Whew, too many at once.


----------



## cog41 (Sep 18, 2012)

Finished The Harbinger by Jonathon Cahn

Interesting read indeed.


----------



## Brent Heilman (Sep 19, 2012)

I just finished Gideon's Corpse​ by Douglas Preston and Lincoln Child. I really do enjoy their work. They make a great duo and I have read all of their books.


----------



## STLamb (Dec 25, 2012)

Two books that I've just wrapped up that I highly recommend are Washington: A Life by Ron Chernow, and Thomas Jefferson: The Art of Power by Jon Meacham. These, along with David McCollough's John Adams should be required reading for every American. I'm planning on tackling an Alexander Hamilton book next. Perhaps the one by Ron Chernow. Has anyone read it?


----------



## jwhoff (Dec 25, 2012)

Just finished *Observations and Potentials* by Brother Robert William Streeter.  I have signed copy 57 of volume one.  

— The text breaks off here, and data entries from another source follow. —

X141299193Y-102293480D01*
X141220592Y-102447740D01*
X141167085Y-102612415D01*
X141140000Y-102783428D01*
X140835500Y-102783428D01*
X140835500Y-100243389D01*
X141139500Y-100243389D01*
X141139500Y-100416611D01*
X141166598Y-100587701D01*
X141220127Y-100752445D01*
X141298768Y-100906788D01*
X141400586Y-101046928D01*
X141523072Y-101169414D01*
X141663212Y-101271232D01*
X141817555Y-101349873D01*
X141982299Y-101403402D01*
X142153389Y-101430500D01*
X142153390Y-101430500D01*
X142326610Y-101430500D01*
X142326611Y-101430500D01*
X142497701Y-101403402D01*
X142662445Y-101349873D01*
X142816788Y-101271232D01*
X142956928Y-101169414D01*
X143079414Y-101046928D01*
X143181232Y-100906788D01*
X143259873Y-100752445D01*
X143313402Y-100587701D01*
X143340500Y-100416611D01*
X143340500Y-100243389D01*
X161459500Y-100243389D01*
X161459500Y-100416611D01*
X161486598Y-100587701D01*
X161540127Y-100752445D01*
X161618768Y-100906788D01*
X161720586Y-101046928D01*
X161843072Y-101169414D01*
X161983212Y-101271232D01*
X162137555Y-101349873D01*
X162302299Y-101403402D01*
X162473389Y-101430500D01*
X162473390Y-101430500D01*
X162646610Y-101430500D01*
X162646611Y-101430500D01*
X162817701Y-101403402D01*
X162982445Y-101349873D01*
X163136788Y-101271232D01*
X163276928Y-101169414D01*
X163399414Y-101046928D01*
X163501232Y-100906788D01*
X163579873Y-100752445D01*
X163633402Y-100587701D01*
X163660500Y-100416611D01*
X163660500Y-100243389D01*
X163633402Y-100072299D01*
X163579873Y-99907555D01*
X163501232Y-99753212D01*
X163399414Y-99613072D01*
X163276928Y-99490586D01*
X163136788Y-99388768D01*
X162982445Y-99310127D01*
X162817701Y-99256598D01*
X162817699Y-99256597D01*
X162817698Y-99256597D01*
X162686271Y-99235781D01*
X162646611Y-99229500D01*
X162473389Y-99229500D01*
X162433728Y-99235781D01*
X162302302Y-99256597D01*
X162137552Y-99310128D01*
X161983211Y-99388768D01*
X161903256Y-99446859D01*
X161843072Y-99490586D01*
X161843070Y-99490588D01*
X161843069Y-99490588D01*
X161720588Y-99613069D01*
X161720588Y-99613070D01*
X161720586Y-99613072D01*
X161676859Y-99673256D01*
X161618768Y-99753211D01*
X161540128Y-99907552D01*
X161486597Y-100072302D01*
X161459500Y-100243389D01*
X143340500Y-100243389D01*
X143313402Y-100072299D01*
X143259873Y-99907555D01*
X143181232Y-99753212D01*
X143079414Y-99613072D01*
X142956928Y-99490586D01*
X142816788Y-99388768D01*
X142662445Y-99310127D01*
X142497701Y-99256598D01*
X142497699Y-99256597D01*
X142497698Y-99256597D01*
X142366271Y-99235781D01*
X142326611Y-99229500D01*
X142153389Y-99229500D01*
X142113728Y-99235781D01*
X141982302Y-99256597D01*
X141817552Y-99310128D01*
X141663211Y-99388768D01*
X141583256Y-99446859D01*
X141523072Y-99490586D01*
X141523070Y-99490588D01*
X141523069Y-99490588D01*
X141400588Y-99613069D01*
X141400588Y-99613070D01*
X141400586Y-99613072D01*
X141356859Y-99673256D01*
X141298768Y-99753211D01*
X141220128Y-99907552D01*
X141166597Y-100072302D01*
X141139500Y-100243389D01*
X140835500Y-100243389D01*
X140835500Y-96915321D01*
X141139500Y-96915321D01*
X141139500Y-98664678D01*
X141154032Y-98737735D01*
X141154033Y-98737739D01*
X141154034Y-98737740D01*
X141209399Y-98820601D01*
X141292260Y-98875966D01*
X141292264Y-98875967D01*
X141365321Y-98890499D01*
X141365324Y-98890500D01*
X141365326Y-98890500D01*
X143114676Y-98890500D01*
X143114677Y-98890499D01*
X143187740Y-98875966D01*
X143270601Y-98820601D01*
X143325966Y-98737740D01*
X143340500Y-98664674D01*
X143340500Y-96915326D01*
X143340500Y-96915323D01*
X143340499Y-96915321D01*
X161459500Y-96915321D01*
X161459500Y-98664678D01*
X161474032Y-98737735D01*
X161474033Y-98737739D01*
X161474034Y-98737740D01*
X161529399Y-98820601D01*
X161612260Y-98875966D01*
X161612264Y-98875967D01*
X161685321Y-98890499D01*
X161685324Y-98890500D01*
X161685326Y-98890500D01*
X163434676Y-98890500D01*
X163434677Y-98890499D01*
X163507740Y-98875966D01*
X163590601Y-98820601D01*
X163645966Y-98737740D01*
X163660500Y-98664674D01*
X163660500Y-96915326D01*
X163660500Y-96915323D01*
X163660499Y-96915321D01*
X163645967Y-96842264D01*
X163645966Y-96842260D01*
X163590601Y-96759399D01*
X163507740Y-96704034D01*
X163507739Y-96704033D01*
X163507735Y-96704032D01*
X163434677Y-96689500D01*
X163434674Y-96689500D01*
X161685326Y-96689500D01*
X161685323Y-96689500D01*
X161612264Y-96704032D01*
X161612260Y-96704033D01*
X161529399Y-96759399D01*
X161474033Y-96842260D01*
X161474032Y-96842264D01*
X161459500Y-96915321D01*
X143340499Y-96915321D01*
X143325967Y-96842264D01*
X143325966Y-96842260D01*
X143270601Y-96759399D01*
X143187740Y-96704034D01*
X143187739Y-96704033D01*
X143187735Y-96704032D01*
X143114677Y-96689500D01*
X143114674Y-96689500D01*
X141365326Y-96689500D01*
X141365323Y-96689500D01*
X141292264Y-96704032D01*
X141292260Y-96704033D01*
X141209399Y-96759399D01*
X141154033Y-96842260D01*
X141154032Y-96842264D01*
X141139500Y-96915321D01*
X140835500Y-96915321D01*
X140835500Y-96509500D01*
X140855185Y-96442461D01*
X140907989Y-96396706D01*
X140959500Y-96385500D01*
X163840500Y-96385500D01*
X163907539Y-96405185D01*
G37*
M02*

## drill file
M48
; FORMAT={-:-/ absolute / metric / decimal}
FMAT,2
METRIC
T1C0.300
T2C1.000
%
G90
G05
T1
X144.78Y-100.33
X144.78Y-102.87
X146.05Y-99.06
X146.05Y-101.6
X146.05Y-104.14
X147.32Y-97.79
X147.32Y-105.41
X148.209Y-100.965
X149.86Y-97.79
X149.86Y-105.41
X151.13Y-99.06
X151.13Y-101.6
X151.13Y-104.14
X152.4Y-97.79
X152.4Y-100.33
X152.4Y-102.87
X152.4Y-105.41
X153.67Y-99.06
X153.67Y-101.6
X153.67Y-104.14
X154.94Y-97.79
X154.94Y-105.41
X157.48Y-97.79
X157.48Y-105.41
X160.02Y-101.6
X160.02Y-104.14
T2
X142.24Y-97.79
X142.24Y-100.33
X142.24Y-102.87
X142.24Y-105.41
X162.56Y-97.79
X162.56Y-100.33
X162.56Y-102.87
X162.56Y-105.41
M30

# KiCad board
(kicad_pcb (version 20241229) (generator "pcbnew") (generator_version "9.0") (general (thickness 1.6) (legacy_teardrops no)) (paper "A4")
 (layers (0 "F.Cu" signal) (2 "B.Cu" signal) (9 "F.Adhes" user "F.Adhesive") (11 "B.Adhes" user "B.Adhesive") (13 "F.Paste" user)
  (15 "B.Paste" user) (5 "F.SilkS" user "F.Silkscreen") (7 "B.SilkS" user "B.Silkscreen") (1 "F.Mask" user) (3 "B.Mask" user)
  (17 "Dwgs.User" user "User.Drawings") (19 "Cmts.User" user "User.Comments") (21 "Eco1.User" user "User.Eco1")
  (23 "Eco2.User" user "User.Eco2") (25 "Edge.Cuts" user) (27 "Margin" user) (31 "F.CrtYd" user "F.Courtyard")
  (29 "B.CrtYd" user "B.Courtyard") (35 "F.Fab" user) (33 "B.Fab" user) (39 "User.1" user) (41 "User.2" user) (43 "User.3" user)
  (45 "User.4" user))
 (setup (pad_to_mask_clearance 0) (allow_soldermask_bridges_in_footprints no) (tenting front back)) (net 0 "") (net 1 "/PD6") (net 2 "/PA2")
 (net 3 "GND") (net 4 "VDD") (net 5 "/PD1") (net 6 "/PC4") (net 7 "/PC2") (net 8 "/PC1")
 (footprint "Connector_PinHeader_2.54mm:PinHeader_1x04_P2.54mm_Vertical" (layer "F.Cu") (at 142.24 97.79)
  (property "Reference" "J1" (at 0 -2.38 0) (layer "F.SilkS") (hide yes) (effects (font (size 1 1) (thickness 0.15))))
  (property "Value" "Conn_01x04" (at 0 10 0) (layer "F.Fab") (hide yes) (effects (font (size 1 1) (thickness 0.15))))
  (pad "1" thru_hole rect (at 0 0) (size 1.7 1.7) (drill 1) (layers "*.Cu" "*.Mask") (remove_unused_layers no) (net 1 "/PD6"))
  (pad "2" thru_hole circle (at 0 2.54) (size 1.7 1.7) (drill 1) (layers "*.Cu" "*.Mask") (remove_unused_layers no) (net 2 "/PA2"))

The thoughts are both fresh and worth every 21st century mason's consideration. 

Good read, good suggestions for our future.

Recommended.


----------



## calo (Dec 26, 2012)

The Holy Qur'an


----------



## Trufflehound (Jan 15, 2013)

I just finished A Pilgrim's Path: Freemasonry and the Religious Right by John Robinson.  It was very informative and helped give clear counter-points to all the tired reasons that people use to vilify Masonry.

I'm also at the beginning of the second part of Ayn Rand's We the Living.  I don't feel it's as good as The Fountainhead​, but it's still a pretty solid book.


----------



## jwhoff (Jan 16, 2013)

Just finished: 

Master of the Mysteries, The Life of Manly Palmer Hall
By Louis Sahagun who wrote Hall's obit in the LA Times

Now on:

Albert Pike, The Man Beyond The Monument
by Brother James T. Tresner II


Hall and Pike were similar brothers.  Both amassed a wealth of knowledge in the occult and ancient pagan religions.  

Pike was more careful with his research and verification. A man for all seasons, a Renascence man.  Philosophy, Psychology , prose, poetry, jurisprudence, education, pioneer.  A brilliant, self-taught man who easily moved amongst the learned of academia, wealthy, common man and the Indian. 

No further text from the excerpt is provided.